Follow-up echocardiography or cardiac MRI showed left ventricular mass regressed by a mean 6.3 g/m2 in the carvedilol/lisinopril group, 6.7 g/m2 in the atenolol/lisinopril group, and 7.9 g/m2 in the high-dose lisinopril group, the Coreg and Left Ventricular Mass Regression (CLEVER) study found. The differences between groups in baseline and follow-up blood pressures and left ventricular mass were not statistically significant.
“The main message, which is important for the practicing doctor, is to use agents that bring the blood pressure to what the guidelines recommend,” he said.
“I think this is an interesting study.
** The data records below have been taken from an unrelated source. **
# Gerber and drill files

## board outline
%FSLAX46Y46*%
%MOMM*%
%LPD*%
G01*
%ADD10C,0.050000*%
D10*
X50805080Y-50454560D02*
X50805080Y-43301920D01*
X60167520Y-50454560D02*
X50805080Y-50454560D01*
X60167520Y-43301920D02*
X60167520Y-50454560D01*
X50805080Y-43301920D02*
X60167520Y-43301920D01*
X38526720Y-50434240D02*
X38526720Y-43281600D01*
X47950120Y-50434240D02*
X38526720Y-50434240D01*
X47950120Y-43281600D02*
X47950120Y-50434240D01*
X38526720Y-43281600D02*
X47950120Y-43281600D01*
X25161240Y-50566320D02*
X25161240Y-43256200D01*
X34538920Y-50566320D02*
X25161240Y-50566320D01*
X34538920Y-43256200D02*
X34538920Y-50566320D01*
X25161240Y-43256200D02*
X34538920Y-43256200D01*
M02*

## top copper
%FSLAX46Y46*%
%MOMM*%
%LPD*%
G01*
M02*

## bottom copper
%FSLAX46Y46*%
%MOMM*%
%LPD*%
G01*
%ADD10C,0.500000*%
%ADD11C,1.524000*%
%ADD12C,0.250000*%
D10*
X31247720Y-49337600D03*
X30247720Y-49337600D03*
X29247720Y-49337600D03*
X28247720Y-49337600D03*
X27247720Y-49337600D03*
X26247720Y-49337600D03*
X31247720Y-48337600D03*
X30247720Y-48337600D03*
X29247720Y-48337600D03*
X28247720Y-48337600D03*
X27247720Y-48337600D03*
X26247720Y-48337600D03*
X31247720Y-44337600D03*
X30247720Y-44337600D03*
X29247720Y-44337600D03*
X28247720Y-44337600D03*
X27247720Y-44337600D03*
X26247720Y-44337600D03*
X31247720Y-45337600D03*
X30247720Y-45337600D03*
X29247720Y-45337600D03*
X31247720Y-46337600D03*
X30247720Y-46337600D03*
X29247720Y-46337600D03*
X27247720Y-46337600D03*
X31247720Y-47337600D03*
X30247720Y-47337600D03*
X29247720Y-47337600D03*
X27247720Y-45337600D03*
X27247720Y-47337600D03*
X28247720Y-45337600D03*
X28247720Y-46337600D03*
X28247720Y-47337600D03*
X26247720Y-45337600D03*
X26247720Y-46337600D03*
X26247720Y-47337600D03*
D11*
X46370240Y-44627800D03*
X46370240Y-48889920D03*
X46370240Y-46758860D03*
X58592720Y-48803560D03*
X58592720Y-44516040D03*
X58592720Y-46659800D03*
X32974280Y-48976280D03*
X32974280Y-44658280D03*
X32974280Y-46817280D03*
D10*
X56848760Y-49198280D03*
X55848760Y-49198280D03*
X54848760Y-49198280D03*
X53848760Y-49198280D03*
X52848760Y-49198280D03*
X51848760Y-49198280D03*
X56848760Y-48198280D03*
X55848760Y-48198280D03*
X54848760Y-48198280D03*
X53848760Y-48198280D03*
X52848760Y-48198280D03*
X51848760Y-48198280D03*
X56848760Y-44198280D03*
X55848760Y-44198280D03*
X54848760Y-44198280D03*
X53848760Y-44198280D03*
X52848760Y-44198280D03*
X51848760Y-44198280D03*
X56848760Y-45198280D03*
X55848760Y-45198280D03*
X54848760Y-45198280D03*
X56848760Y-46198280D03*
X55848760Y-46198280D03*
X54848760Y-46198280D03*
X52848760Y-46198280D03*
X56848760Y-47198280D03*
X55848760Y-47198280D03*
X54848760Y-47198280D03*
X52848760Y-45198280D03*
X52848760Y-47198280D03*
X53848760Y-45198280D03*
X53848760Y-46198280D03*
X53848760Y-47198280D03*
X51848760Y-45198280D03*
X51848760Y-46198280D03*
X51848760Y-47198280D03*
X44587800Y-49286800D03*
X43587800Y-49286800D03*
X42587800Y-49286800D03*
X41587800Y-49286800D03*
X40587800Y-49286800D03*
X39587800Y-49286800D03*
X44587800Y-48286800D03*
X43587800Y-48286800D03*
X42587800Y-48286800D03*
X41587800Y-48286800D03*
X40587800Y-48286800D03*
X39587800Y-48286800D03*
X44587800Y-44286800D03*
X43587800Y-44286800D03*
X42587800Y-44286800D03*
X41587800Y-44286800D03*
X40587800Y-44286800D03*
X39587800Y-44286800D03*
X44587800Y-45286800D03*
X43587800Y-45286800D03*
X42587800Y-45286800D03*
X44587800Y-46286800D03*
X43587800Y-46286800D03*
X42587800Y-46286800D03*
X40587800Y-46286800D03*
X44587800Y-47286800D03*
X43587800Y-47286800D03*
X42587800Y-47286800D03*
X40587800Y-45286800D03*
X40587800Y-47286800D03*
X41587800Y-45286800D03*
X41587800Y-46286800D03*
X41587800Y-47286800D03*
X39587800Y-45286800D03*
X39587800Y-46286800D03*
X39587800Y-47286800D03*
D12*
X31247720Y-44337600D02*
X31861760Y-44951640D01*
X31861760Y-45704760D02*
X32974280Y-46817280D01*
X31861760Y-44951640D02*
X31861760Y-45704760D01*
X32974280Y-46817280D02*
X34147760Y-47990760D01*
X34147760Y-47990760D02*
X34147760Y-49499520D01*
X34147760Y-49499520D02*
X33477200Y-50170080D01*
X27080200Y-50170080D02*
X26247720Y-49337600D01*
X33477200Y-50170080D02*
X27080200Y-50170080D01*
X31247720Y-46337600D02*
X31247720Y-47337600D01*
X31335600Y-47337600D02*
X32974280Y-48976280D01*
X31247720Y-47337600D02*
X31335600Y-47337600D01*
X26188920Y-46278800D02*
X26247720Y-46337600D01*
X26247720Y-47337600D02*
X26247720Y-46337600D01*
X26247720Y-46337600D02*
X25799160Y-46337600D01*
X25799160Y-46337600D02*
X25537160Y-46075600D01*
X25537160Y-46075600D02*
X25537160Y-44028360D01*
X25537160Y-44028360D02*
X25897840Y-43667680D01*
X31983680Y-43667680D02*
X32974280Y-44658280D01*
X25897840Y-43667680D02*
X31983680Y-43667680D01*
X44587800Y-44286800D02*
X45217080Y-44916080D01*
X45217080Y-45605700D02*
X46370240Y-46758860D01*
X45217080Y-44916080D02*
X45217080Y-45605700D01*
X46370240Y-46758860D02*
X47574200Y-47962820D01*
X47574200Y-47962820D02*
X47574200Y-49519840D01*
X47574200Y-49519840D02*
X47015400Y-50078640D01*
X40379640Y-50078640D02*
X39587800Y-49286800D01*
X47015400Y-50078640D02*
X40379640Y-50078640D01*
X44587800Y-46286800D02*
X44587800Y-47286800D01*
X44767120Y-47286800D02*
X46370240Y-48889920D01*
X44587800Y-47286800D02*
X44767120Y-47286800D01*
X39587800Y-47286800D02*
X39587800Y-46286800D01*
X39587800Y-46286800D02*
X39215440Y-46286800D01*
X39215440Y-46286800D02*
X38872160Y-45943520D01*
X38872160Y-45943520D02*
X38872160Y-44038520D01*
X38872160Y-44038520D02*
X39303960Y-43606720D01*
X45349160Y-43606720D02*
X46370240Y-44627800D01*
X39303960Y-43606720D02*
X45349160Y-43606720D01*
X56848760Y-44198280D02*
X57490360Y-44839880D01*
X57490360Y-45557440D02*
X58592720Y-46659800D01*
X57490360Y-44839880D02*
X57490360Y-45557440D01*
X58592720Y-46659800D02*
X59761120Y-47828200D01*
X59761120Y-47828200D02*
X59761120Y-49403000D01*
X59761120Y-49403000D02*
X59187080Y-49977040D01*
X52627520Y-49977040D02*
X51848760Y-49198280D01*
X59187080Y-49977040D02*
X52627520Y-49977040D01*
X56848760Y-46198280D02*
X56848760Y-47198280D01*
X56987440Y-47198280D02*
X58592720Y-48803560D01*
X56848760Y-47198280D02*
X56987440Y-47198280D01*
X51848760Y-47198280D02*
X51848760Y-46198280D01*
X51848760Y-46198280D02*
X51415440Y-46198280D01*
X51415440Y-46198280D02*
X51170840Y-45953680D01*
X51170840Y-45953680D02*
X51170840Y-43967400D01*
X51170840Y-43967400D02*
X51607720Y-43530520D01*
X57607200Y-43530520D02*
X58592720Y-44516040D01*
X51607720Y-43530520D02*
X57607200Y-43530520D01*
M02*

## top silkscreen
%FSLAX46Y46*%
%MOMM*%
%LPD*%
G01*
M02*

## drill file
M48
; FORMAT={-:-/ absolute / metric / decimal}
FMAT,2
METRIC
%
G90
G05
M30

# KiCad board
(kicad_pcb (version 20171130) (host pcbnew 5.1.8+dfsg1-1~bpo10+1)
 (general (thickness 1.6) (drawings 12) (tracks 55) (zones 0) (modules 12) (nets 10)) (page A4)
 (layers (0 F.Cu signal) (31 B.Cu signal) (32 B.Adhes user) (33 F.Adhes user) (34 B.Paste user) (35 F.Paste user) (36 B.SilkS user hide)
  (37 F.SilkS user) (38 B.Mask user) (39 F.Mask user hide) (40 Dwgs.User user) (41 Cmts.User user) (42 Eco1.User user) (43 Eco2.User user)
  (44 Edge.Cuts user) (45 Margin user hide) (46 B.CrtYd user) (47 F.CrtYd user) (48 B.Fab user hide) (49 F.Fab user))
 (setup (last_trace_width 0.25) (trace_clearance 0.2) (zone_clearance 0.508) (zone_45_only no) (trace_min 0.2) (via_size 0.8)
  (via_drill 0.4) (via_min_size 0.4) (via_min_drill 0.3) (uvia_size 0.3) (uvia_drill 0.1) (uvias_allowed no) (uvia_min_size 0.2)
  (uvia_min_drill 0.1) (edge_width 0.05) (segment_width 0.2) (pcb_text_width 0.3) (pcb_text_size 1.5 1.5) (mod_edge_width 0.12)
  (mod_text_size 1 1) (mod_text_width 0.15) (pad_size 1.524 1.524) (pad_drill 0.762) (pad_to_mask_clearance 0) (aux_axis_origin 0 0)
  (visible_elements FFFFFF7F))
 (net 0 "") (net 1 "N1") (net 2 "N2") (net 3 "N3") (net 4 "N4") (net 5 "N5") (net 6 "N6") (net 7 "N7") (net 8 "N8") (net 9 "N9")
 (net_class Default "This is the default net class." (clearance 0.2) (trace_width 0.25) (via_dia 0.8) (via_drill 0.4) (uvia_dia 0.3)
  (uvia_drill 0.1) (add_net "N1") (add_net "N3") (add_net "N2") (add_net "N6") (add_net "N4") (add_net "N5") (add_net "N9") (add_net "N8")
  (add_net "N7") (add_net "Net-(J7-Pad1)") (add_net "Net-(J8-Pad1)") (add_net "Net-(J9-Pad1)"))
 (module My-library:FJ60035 (layer B.Cu) (at 28.74772 46.8376)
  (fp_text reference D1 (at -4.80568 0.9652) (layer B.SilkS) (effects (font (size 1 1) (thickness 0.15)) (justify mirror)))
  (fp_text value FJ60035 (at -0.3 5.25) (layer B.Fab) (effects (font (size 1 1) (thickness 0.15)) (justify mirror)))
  (pad A6 smd circle (at 2.5 2.5) (size 0.5 0.5) (layers B.Cu B.Paste B.Mask))
  (pad A5 smd circle (at 1.5 2.5) (size 0.5 0.5) (layers B.Cu B.Paste B.Mask))
  (pad A4 smd circle (at 0.5 2.5) (size 0.5 0.5) (layers B.Cu B.Paste B.Mask))
  (pad A3 smd circle (at -0.5 2.5) (size 0.5 0.5) (layers B.Cu B.Paste B.Mask))
  (pad A2 smd circle (at -1.5 2.5) (size 0.5 0.5) (layers B.Cu B.Paste B.Mask))
  (pad A1 smd circle (at -2.5 2.5) (size 0.5 0.5) (layers B.Cu B.Paste B.Mask) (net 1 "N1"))
  (pad B6 smd circle (at 2.5 1.5) (size 0.5 0.5) (layers B.Cu B.Paste B.Mask))
  (pad B5 smd circle (at 1.5 1.5) (size 0.5 0.5) (layers B.Cu B.Paste B.Mask))
  (pad B4 smd circle (at 0.5 1.5) (size 0.5 0.5) (layers B.Cu B.Paste B.Mask))
  (pad B3 smd circle (at -0.5 1.5) (size 0.5 0.5) (layers B.Cu B.Paste B.Mask))
  (pad B2 smd circle (at -1.5 1.5) (size 0.5 0.5) (layers B.Cu B.Paste B.Mask))
  (pad B1 smd circle (at -2.5 1.5) (size 0.5 0.5) (layers B.Cu B.Paste B.Mask))
  (pad F6 smd circle (at 2.5 -2.5) (size 0.5 0.5) (layers B.Cu B.Paste B.Mask) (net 1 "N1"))
  (pad F5 smd circle (at 1.5 -2.5) (size 0.5 0.5) (layers B.Cu B.Paste B.Mask))
  (pad F4 smd circle (at 0.5 -2.5) (size 0.5 0.5) (layers B.Cu B.Paste B.Mask))
  (pad F3 smd circle (at -0.5 -2.5) (size 0.5 0.5) (layers B.Cu B.Paste B.Mask))
  (pad F2 smd circle (at -1.5 -2.5) (size 0.5 0.5) (layers B.Cu B.Paste B.Mask))
  (pad F1 smd circle (at -2.5 -2.5) (size 0.5 0.5) (layers B.Cu B.Paste B.Mask))
  (pad E6 smd circle (at 2.5 -1.5) (size 0.5 0.5) (layers B.Cu B.Paste B.Mask))
  (pad E5 smd circle (at 1.5 -1.5) (size 0.5 0.5) (layers B.Cu B.Paste B.Mask))
  (pad E4 smd circle (at 0.5 -1.5) (size 0.5 0.5) (layers B.Cu B.Paste B.Mask))
  (pad D6 smd circle (at 2.5 -0.5) (size 0.5 0.5) (layers B.Cu B.Paste B.Mask) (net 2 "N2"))
  (pad D5 smd circle (at 1.5 -0.5) (size 0.5 0.5) (layers B.Cu B.Paste B.Mask))
  (pad D4 smd circle (at 0.5 -0.5) (size 0.5 0.5) (layers B.Cu B.Paste B.Mask))
  (pad D2 smd circle (at -1.5 -0.5) (size 0.5 0.5) (layers B.Cu B.Paste B.Mask))
  (pad C6 smd circle (at 2.5 0.5) (size 0.5 0.5) (layers B.Cu B.Paste B.Mask) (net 2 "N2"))
  (pad C5 smd circle (at 1.5 0.5) (size 0.5 0.5) (layers B.Cu B.Paste B.Mask))
  (pad C4 smd circle (at 0.5 0.5) (size 0.5 0.5) (layers B.Cu B.Paste B.Mask))
  (pad E2 smd circle (at -1.5 -1.5) (size 0.5 0.5) (layers B.Cu B.Paste B.Mask))
  (pad C2 smd circle (at -1.5 0.5) (size 0.5 0.5) (layers B.Cu B.Paste B.Mask))
  (pad E3 smd circle (at -0.5 -1.5) (size 0.5 0.5) (layers B.Cu B.Paste B.Mask))
  (pad D3 smd circle (at -0.5 -0.5) (size 0.5 0.5) (layers B.Cu B.Paste B.Mask))
  (pad C3 smd circle (at -0.5 0.5) (size 0.5 0.5) (layers B.Cu B.Paste B.Mask))
  (pad E1 smd circle (at -2.5 -1.5) (size 0.5 0.5) (layers B.Cu B.Paste B.Mask))
  (pad D1 smd circle (at -2.5 -0.5) (size 0.5 0.5) (layers B.Cu B.Paste B.Mask) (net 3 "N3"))
  (pad C1 smd circle (at -2.5 0.5) (size 0.5 0.5) (layers B.Cu B.Paste B.Mask) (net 3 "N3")))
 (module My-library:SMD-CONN (layer B.Cu) (at 46.37024 44.6278)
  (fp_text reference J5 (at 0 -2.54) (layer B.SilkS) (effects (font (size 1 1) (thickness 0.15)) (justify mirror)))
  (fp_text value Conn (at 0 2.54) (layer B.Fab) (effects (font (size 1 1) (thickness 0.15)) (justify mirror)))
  (pad 1 smd circle (at 0 0) (size 1.524 1.524) (layers B.Cu B.Paste B.Mask) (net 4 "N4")))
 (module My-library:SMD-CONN (layer B.Cu) (at 46.37024 48.88992)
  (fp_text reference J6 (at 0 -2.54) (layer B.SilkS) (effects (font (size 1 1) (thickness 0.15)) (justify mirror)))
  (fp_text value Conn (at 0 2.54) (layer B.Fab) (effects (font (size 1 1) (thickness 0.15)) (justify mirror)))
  (pad 1 smd circle (at 0 0) (size 1.524 1.524) (layers B.Cu B.Paste B.Mask) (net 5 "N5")))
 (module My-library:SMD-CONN (layer B.Cu) (at 46.37024 46.5836)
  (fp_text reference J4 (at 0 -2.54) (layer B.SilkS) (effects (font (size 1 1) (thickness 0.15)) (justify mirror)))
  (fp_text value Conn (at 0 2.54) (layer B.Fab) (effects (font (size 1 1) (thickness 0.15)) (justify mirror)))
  (pad 1 smd circle (at 0 0.17526) (size 1.524 1.524) (layers B.Cu B.Paste B.Mask) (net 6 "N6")))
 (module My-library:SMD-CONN (layer B.Cu) (at 58.59272 48.80356)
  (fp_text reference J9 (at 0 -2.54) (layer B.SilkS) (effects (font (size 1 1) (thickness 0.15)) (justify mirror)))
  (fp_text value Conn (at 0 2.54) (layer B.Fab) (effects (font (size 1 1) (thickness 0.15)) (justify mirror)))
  (pad 1 smd circle (at 0 0) (size 1.524 1.524) (layers B.Cu B.Paste B.Mask) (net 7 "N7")))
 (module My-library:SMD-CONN (layer B.Cu) (at 58.59272 44.51604)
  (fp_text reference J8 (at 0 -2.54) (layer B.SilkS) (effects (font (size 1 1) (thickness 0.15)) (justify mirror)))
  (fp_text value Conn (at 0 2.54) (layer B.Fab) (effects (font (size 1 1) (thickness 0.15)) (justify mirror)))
The literature that claims a major difference in outcomes in left ventricular regression” depending on the choice of drug “is scattered and based upon many erroneous conclusions,” said Dr. Marvin Moser, of Yale University, New Haven, Conn. The CLEVER results support the idea that “if you lower blood pressure enough, you'll regress left ventricular hypertrophy regardless of what you use.”
Rates of side effects were low, as might be expected with these established medications, Dr. Miller said. Cough was somewhat more common (17%) in the high-dose lisinopril group than in the atenolol (5%) or carvedilol (9%) groups. Fatigue was more common with atenolol (17%) than in the other two groups (7% each). Dizziness was slightly more common with carvedilol (14%) than with atenolol (9%) or lisinopril alone (8%). Headaches were reported by 12%-15% of patients.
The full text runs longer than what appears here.